Paul Mescal zeigt seine Beine in der neuen Gucci Kampagne

Wann waren unrasierte Männerbeine das letzte Mal in einer Luxuskampagne zu sehen? Bei Thom Browne vielleicht. Bei Versace eher nicht. Bei Dolce & Gabbana sicher nicht. Die Männermode ist in den letzten Jahren ähnlich aseptisch präsentiert worden wie die für Frauen. Körper sind rasiert, geölt, die vorherige Gucci-Muse Jared Leto trägt in Interviews alle fünf Minuten Lipbalm auf. Alles ganz geschmeidig.

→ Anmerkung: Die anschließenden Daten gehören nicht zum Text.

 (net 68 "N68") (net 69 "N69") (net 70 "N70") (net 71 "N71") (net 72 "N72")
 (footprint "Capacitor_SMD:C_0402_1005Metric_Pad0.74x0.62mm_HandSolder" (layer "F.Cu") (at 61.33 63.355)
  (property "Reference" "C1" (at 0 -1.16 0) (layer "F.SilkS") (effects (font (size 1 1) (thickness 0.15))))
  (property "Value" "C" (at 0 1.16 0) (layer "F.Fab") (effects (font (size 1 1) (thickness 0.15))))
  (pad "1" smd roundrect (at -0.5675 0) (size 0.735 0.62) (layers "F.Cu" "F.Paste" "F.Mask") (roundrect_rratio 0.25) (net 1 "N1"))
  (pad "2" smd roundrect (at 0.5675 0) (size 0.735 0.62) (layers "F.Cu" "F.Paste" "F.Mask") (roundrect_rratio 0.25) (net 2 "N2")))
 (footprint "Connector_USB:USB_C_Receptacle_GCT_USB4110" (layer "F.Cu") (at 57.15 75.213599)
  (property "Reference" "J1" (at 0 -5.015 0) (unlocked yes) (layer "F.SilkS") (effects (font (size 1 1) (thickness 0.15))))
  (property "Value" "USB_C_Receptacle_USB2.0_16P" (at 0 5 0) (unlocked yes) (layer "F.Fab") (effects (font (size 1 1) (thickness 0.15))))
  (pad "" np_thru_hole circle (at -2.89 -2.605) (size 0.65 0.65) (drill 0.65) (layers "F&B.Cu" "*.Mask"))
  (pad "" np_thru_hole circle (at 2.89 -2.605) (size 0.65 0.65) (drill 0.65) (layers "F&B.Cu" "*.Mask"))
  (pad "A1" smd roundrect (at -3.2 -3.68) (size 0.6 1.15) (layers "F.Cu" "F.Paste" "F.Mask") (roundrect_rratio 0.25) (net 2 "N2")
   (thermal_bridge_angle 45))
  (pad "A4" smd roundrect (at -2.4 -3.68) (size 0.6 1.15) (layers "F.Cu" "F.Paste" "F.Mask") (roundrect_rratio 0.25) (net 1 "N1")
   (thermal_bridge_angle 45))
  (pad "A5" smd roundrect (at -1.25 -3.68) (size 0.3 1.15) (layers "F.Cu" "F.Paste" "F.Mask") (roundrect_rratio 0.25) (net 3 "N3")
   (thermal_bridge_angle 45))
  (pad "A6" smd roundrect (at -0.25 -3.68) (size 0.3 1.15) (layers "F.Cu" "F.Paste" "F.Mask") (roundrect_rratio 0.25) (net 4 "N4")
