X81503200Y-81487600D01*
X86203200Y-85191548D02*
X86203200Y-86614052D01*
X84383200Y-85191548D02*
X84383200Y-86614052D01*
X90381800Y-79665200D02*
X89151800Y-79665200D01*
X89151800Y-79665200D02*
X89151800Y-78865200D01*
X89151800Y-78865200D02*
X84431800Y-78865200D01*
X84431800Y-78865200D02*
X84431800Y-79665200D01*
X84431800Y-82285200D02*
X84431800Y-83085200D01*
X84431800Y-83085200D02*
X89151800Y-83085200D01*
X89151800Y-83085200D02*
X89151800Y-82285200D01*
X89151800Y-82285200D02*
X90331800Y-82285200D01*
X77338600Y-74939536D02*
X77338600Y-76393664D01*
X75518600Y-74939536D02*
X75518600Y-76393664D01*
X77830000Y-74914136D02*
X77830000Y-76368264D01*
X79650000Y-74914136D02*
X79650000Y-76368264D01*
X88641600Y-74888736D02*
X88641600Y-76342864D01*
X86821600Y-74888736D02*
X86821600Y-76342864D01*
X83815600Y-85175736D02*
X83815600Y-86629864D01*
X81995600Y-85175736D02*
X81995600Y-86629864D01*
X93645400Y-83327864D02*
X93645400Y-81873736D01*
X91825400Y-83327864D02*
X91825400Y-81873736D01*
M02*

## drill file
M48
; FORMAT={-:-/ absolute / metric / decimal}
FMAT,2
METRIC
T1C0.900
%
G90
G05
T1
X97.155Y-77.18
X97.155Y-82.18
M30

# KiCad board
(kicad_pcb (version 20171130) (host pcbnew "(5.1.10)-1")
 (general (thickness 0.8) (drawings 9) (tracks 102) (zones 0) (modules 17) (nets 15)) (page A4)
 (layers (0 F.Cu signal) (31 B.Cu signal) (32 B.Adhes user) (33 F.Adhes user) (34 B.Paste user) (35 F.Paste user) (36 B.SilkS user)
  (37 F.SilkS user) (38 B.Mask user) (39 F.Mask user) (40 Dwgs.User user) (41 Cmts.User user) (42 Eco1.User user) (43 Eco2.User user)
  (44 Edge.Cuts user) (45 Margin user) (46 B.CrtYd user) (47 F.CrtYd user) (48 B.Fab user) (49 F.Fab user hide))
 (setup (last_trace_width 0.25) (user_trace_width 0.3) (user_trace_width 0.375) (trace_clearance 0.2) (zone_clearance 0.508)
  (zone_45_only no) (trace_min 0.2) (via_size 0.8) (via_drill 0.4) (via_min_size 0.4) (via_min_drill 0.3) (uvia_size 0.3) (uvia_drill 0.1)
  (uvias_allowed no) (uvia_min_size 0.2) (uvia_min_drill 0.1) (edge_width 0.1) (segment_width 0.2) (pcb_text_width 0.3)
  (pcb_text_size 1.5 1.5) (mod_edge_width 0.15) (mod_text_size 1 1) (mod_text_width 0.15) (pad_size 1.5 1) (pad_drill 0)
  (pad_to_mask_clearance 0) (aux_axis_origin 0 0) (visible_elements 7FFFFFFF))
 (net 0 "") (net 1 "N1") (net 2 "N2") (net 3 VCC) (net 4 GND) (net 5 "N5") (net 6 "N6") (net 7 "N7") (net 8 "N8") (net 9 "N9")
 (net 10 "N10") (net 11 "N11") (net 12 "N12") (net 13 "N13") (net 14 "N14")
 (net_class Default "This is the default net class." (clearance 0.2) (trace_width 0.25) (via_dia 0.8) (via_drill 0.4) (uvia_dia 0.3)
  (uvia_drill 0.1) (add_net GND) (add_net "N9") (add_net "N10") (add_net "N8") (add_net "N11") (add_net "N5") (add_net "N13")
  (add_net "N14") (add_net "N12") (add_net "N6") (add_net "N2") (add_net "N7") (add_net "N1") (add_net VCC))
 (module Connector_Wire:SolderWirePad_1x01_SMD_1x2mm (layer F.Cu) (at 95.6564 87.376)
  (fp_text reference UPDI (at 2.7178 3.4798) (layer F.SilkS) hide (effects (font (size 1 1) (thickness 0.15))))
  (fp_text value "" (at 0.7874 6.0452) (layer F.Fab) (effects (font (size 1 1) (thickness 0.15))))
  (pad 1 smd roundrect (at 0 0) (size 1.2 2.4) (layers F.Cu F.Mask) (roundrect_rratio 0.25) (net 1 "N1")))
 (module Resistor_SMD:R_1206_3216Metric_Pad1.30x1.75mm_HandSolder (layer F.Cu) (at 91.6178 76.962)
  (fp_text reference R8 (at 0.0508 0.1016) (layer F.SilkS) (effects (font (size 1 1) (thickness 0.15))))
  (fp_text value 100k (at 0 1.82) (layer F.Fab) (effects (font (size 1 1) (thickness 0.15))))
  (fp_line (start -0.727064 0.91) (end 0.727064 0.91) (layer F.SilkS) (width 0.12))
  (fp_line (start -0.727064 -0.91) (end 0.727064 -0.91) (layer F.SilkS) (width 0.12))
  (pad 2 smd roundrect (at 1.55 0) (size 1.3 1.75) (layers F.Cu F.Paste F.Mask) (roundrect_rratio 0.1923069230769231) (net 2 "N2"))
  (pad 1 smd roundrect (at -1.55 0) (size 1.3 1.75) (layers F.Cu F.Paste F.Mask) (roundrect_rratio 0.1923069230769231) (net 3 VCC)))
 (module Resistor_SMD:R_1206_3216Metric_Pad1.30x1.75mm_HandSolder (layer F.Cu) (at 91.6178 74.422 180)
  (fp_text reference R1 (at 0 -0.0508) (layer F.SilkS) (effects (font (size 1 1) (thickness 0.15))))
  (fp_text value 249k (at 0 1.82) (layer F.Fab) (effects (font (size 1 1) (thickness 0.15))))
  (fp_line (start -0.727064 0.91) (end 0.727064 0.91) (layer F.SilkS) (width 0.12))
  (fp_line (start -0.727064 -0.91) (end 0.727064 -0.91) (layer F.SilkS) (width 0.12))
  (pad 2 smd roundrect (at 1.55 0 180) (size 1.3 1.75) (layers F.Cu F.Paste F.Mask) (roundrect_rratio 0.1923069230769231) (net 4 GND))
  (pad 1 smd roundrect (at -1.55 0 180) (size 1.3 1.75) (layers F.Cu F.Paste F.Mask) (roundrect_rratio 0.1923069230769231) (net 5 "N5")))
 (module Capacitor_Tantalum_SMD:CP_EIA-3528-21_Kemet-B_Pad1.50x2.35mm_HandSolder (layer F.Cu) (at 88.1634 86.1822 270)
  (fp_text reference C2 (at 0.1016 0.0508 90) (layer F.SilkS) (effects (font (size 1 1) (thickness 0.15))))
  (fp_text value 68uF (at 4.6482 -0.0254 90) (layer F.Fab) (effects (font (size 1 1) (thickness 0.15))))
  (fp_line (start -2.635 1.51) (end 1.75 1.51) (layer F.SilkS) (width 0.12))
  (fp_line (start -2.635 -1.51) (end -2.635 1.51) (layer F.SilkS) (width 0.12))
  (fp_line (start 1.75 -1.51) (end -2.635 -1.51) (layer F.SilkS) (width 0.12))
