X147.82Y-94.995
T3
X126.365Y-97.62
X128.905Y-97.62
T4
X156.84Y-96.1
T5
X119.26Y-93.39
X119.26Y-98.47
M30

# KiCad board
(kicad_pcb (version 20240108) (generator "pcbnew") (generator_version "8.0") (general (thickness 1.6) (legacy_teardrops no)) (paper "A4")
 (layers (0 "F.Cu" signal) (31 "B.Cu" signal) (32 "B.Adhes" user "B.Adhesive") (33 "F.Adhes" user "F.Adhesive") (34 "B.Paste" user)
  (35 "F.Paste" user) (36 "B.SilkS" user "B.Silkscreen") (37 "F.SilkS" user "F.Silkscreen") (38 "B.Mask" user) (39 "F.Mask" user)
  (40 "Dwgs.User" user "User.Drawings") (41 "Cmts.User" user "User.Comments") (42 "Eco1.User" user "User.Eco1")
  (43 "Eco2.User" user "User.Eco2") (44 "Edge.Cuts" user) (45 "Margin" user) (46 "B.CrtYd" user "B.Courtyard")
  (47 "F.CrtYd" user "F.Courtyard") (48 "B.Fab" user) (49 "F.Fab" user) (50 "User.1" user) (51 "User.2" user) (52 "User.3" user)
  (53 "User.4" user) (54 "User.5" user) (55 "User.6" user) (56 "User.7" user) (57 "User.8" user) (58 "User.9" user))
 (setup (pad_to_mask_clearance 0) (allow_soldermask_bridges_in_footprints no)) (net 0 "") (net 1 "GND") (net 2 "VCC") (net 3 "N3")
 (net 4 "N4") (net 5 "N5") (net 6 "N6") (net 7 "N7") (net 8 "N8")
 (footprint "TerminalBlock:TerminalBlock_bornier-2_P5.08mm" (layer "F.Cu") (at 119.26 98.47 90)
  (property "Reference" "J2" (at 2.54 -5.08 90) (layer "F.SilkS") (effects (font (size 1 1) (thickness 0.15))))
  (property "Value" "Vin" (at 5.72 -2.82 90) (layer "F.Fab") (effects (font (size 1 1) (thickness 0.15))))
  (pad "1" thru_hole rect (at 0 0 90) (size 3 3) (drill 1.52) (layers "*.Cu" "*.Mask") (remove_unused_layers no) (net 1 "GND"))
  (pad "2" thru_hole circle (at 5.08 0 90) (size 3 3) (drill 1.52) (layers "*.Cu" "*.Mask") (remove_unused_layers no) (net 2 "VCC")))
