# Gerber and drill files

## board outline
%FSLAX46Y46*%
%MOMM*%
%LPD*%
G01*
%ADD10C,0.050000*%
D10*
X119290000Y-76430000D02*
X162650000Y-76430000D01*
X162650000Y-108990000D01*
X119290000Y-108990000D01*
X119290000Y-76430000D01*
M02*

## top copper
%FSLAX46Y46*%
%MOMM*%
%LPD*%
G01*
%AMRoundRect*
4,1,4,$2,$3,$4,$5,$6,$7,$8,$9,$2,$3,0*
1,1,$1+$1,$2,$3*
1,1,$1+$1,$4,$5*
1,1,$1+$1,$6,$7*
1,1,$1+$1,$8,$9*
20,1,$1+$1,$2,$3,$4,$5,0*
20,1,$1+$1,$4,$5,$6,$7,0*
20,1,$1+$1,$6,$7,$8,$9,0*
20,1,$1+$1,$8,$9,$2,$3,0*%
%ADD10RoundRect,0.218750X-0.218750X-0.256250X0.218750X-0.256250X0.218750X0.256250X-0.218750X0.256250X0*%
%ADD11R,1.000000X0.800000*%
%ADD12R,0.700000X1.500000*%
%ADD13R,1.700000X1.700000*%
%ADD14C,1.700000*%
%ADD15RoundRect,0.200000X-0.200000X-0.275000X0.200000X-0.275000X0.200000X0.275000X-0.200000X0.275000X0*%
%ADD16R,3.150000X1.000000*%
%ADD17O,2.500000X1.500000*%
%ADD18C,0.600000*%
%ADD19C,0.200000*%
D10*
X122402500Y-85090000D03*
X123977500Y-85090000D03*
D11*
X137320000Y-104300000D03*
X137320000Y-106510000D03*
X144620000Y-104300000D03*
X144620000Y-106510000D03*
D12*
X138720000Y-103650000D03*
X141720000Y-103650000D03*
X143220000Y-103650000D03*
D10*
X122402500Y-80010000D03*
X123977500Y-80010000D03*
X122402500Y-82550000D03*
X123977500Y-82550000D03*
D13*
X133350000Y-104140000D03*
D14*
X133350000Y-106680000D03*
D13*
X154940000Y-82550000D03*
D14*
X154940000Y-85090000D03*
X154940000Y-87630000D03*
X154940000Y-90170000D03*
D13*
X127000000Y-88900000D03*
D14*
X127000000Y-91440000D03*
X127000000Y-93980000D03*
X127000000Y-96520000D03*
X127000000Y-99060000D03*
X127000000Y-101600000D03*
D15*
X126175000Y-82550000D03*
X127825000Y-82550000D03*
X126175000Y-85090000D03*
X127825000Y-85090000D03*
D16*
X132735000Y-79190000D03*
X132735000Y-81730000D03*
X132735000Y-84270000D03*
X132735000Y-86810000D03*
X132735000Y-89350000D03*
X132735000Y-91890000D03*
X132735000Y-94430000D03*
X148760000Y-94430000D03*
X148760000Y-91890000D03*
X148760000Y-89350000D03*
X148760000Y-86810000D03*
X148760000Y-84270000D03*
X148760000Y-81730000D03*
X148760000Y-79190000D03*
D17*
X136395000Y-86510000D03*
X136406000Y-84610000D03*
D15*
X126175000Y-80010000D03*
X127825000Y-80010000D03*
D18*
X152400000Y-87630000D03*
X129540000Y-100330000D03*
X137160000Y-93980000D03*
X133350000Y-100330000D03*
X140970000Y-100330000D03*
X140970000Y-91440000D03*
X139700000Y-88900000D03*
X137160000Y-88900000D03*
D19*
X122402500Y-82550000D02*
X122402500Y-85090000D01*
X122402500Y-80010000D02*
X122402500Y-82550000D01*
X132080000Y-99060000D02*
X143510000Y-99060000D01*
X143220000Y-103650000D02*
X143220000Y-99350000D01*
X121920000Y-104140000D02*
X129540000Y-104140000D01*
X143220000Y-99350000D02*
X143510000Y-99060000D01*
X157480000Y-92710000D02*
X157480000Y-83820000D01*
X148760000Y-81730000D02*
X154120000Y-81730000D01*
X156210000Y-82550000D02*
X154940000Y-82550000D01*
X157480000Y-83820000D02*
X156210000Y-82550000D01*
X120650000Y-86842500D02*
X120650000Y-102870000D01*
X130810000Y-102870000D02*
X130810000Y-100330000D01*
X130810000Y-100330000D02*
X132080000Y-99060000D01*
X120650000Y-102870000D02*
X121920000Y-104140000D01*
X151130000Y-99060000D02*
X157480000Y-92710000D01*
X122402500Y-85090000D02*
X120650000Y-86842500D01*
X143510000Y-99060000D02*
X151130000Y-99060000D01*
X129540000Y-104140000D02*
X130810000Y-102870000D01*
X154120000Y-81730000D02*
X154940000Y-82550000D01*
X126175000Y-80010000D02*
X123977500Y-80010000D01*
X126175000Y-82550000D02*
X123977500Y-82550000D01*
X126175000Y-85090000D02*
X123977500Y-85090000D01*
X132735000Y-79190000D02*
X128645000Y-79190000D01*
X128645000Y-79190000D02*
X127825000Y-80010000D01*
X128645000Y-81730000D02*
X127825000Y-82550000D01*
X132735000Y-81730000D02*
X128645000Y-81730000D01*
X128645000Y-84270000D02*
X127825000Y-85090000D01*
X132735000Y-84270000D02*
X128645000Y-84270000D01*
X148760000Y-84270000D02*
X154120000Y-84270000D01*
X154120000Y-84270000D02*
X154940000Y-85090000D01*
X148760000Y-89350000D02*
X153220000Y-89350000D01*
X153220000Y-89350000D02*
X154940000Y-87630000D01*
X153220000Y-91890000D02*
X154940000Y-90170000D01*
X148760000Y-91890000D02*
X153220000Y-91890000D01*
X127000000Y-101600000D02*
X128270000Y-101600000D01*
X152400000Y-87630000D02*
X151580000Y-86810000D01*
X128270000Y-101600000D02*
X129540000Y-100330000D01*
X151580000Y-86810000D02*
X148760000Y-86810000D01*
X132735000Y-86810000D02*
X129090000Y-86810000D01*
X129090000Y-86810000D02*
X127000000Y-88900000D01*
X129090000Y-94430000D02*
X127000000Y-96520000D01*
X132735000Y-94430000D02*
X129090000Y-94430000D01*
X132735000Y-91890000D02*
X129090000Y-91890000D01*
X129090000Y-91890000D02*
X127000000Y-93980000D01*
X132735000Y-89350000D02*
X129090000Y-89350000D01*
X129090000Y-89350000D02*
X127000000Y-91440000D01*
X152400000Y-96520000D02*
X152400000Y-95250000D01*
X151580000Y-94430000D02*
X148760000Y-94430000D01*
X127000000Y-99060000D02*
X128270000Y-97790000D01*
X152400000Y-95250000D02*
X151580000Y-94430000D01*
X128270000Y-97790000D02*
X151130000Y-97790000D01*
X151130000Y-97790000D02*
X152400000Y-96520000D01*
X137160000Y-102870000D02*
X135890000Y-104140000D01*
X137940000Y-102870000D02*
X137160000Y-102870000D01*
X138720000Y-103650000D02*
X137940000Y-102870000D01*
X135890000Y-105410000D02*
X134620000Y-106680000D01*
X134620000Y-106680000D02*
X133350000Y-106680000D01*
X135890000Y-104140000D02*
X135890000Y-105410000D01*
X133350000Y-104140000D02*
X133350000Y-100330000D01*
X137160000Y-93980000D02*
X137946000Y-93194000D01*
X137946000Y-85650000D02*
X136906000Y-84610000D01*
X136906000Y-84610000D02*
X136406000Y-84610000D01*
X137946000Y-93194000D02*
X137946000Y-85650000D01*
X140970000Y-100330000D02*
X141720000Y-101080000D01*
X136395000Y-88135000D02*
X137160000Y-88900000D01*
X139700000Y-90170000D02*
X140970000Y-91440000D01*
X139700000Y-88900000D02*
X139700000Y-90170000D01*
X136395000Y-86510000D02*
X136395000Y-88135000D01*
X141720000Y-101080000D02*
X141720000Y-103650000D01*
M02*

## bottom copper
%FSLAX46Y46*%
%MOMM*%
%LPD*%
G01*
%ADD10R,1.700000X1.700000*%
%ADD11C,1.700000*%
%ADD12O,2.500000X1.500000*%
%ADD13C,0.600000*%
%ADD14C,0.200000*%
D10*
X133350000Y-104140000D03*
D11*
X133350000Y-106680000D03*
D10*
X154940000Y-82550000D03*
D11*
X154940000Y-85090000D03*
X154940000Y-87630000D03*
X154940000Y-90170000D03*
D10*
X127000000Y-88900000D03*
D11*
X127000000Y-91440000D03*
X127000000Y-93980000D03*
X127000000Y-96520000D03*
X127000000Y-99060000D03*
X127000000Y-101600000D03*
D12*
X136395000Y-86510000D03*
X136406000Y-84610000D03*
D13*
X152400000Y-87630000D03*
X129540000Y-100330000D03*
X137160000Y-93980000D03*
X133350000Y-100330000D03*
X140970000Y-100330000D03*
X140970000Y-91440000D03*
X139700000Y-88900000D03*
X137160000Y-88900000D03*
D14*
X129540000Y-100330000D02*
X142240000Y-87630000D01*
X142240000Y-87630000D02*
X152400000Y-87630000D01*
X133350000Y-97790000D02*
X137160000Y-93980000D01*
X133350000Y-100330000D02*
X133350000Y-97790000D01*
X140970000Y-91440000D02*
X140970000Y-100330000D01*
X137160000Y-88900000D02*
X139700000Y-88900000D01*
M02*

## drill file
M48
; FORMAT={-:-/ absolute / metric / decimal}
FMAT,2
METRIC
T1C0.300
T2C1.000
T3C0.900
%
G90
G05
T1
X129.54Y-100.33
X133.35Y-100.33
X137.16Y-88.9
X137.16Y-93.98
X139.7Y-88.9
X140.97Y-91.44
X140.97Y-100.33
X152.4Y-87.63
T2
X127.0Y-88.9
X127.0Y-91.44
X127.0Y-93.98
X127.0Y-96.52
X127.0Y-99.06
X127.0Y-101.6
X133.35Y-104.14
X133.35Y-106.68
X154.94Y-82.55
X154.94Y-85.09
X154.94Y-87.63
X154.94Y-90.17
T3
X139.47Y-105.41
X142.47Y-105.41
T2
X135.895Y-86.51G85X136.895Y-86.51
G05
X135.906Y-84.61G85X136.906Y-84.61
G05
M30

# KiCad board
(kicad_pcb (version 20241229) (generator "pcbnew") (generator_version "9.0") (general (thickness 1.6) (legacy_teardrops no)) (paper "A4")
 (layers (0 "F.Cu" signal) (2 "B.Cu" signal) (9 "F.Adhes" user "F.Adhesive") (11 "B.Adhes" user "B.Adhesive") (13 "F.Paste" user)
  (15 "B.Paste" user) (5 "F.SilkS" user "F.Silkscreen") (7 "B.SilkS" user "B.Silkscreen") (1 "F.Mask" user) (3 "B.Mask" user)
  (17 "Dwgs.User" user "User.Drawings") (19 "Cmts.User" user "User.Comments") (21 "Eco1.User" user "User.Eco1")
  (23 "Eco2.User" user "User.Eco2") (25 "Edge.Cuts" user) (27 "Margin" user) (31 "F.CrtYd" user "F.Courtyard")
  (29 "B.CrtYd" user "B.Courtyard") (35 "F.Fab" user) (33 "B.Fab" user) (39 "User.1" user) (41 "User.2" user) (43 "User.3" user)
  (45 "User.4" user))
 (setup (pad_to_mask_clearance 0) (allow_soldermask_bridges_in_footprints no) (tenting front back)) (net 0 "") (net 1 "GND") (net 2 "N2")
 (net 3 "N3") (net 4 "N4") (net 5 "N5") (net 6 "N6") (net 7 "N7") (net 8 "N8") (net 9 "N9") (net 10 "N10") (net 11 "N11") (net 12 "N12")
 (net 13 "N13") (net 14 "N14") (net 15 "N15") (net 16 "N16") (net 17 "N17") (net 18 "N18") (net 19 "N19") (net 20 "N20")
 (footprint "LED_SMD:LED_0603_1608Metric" (layer "F.Cu") (at 123.19 85.09)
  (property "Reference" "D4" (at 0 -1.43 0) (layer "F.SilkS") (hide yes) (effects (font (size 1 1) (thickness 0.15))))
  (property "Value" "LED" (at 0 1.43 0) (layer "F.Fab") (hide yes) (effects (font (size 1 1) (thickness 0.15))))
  (pad "1" smd roundrect (at -0.7875 0) (size 0.875 0.95) (layers "F.Cu" "F.Mask" "F.Paste") (roundrect_rratio 0.25) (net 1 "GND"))
  (pad "2" smd roundrect (at 0.7875 0) (size 0.875 0.95) (layers "F.Cu" "F.Mask" "F.Paste") (roundrect_rratio 0.25) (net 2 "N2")))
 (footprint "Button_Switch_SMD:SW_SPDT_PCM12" (layer "F.Cu") (at 140.97 105.08)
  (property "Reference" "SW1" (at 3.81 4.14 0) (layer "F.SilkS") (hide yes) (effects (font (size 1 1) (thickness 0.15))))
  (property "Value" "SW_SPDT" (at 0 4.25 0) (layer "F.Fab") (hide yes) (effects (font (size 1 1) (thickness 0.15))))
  (pad "" smd rect (at -3.65 -0.78) (size 1 0.8) (layers "F.Cu" "F.Mask" "F.Paste"))
  (pad "" smd rect (at -3.65 1.43) (size 1 0.8) (layers "F.Cu" "F.Mask" "F.Paste"))
  (pad "" np_thru_hole circle (at -1.5 0.33) (size 0.9 0.9) (drill 0.9) (layers "*.Cu" "*.Mask"))
  (pad "" np_thru_hole circle (at 1.5 0.33) (size 0.9 0.9) (drill 0.9) (layers "*.Cu" "*.Mask"))
  (pad "" smd rect (at 3.65 -0.78) (size 1 0.8) (layers "F.Cu" "F.Mask" "F.Paste"))
  (pad "" smd rect (at 3.65 1.43) (size 1 0.8) (layers "F.Cu" "F.Mask" "F.Paste"))
  (pad "1" smd rect (at -2.25 -1.43) (size 0.7 1.5) (layers "F.Cu" "F.Mask" "F.Paste") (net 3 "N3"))
  (pad "2" smd rect (at 0.75 -1.43) (size 0.7 1.5) (layers "F.Cu" "F.Mask" "F.Paste") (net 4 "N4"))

Derart viele Haare auf einem Fleck gibt es allenfalls mal im Butt Magazine oder beim niederländischen Fotografen Paul Kooiker zu sehen. Insofern ist diese Kampagne tatsächlich eine deutliche Ansage von De Sarno in Bezug auf sein Männerbild: kerniger, weniger glatt. Auch Mescals Oberkörper hat andere Dimensionen. Der 27-Jährige ist passionierter Rugby-Fan und spielte in seiner Jugend selbst Gaelic Football. Er hat weder den antrainierten Gym-Body eines Ryan Gosling noch den androgynen Look eines Timothée Chalamet. Gucci will also offensichtlich, ähnlich wie Burberry, mehr „Lads“ ansprechen. Männer, die die italienische Marke bislang zu rüschig fanden und sich nicht im Traum mit einem Horsebit-Loafer hätten erwischen lassen. Jetzt sollen sie es zumindest mal barfuß versuchen oder noch besser mit weißen Tennis-Socken.

Schauspieler Paul Mescal und Sänger Xiao Zhan in der Gucci Kampagne für den klassischen Horsebit Loafer

Inszeniert wurde die Kampagne übrigens von Heji Shin, der in Hamburg aufgewachsenen Fotografin, die zuletzt auch für Tom Ford und Givenchy fotografierte (was den Laden unter Matthew M. Williams aktuell auch nicht retten wird). Eine schlaue Wahl, weil sie ihre Motive nicht wegblitzt oder hemmungslos aufpoliert, sondern einen modernen Spagat zwischen Kunst und Kommerz inszeniert. Letzteres beherrscht auch De Sarno schon. Von ersterem müsste noch beinhart mehr kommen.